TASK GOAL :: Up to and including the line with "X196200000Y-118300000D03*", output the records exactly as they appear.

[Stored items]

BEGIN

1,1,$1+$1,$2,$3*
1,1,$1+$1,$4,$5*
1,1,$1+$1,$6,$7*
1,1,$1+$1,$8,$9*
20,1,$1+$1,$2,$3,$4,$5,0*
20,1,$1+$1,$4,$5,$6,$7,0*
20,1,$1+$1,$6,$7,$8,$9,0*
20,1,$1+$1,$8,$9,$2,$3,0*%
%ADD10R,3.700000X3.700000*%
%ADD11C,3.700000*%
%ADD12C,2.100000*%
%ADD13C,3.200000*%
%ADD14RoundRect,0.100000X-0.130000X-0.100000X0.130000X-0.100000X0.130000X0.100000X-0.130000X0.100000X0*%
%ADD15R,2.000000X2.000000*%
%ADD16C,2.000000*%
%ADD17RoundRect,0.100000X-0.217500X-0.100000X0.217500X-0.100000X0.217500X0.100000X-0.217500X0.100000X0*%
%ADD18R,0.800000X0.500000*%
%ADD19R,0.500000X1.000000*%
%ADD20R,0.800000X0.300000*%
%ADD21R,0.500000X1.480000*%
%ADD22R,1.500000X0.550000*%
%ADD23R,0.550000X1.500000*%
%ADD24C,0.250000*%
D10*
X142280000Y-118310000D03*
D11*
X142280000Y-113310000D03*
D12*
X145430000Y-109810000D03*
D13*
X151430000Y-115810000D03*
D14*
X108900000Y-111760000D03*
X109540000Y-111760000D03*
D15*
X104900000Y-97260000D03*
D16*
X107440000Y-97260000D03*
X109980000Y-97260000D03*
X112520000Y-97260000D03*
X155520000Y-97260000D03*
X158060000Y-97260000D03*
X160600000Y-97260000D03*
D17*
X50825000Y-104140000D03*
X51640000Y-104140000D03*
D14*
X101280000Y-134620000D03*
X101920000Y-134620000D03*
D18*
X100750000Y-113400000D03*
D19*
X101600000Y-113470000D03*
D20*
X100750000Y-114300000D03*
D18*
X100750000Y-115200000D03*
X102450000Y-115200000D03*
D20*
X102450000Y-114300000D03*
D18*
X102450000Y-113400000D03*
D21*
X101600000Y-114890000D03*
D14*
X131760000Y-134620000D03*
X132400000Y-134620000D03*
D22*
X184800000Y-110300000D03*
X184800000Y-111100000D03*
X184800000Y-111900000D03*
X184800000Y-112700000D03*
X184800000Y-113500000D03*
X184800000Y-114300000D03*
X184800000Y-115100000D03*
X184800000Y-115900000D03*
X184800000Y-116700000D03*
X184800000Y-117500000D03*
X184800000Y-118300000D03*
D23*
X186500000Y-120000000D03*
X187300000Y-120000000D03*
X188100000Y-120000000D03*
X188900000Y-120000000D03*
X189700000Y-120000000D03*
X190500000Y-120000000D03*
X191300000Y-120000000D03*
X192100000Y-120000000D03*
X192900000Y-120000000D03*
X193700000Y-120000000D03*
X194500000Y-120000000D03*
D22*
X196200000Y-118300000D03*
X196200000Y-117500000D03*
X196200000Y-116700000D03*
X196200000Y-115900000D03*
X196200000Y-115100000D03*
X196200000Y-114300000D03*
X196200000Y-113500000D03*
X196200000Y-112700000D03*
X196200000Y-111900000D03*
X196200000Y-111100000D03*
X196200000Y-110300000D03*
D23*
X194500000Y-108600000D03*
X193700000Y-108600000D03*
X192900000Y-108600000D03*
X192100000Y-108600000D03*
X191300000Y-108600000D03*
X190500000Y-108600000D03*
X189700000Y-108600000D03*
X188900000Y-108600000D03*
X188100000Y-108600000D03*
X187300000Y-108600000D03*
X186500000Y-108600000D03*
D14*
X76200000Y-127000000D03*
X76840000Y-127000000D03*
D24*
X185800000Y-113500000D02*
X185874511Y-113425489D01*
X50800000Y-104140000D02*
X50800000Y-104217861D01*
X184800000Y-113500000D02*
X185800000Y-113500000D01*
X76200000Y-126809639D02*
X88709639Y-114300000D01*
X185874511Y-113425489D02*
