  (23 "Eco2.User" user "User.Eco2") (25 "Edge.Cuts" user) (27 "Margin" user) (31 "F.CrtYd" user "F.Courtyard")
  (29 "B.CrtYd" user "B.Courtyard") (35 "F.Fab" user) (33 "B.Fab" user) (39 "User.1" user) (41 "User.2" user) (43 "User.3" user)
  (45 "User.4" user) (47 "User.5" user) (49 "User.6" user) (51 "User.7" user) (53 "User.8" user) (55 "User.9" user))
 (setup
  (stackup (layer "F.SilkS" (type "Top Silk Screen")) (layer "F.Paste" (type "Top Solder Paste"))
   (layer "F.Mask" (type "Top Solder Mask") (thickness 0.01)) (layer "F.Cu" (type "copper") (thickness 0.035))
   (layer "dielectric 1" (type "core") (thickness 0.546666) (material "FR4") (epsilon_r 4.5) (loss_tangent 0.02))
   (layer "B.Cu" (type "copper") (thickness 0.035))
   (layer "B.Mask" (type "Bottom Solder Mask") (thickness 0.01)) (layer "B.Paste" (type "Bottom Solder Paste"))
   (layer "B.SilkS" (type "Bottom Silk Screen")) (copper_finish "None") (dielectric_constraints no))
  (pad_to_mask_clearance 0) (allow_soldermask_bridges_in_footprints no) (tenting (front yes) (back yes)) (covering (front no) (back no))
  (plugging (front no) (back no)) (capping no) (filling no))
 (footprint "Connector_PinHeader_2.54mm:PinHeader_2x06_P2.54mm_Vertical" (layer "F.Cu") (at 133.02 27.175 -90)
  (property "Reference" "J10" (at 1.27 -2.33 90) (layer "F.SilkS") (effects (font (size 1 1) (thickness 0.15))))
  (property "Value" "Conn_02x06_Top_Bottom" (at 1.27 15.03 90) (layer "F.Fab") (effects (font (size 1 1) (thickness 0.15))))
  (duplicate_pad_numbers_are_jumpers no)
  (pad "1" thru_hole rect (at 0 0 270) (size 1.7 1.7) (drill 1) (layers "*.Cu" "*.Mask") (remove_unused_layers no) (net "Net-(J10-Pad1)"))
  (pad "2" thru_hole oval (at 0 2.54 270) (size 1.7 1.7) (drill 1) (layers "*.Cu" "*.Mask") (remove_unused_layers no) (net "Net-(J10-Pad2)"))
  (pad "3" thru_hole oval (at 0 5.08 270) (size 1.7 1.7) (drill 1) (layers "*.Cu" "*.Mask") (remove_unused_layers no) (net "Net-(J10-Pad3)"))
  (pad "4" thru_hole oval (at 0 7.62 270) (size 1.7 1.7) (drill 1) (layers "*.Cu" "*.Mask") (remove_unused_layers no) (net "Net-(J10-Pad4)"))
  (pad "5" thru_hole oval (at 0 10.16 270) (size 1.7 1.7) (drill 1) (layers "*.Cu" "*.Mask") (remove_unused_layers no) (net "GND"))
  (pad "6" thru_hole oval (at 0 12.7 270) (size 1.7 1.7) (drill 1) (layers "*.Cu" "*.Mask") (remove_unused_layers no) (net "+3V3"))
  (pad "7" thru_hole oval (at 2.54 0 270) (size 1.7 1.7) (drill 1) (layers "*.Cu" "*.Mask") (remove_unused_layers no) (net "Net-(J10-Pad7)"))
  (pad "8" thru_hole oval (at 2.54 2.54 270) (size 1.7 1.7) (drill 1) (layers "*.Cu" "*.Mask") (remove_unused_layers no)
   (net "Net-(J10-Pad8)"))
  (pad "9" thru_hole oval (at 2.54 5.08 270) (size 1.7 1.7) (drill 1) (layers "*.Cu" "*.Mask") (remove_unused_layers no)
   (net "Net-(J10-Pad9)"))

END

EXERCISE OUTPUT ::
1,1,$1+$1,$2,$3*
1,1,$1+$1,$4,$5*
1,1,$1+$1,$6,$7*
1,1,$1+$1,$8,$9*
20,1,$1+$1,$2,$3,$4,$5,0*
20,1,$1+$1,$4,$5,$6,$7,0*
20,1,$1+$1,$6,$7,$8,$9,0*
20,1,$1+$1,$8,$9,$2,$3,0*%
%ADD10R,3.700000X3.700000*%
%ADD11C,3.700000*%
%ADD12C,2.100000*%
%ADD13C,3.200000*%
%ADD14RoundRect,0.100000X-0.130000X-0.100000X0.130000X-0.100000X0.130000X0.100000X-0.130000X0.100000X0*%
%ADD15R,2.000000X2.000000*%
%ADD16C,2.000000*%
%ADD17RoundRect,0.100000X-0.217500X-0.100000X0.217500X-0.100000X0.217500X0.100000X-0.217500X0.100000X0*%
%ADD18R,0.800000X0.500000*%
%ADD19R,0.500000X1.000000*%
%ADD20R,0.800000X0.300000*%
%ADD21R,0.500000X1.480000*%
%ADD22R,1.500000X0.550000*%
%ADD23R,0.550000X1.500000*%
%ADD24C,0.250000*%
D10*
X142280000Y-118310000D03*
D11*
X142280000Y-113310000D03*
D12*
X145430000Y-109810000D03*
D13*
X151430000Y-115810000D03*
D14*
X108900000Y-111760000D03*
X109540000Y-111760000D03*
D15*
X104900000Y-97260000D03*
D16*
X107440000Y-97260000D03*
X109980000Y-97260000D03*
X112520000Y-97260000D03*
X155520000Y-97260000D03*
X158060000Y-97260000D03*
X160600000Y-97260000D03*
D17*
X50825000Y-104140000D03*
X51640000Y-104140000D03*
D14*
X101280000Y-134620000D03*
X101920000Y-134620000D03*
D18*
X100750000Y-113400000D03*
D19*
X101600000Y-113470000D03*
D20*
X100750000Y-114300000D03*
D18*
X100750000Y-115200000D03*
X102450000Y-115200000D03*
D20*
X102450000Y-114300000D03*
D18*
X102450000Y-113400000D03*
D21*
X101600000Y-114890000D03*
D14*
X131760000Y-134620000D03*
X132400000Y-134620000D03*
D22*
X184800000Y-110300000D03*
X184800000Y-111100000D03*
X184800000Y-111900000D03*
X184800000Y-112700000D03*
X184800000Y-113500000D03*
X184800000Y-114300000D03*
X184800000Y-115100000D03*
X184800000Y-115900000D03*
X184800000Y-116700000D03*
X184800000Y-117500000D03*
X184800000Y-118300000D03*
D23*
X186500000Y-120000000D03*
X187300000Y-120000000D03*
X188100000Y-120000000D03*
X188900000Y-120000000D03*
X189700000Y-120000000D03*
X190500000Y-120000000D03*
X191300000Y-120000000D03*
X192100000Y-120000000D03*
X192900000Y-120000000D03*
X193700000Y-120000000D03*
X194500000Y-120000000D03*
D22*
X196200000Y-118300000D03*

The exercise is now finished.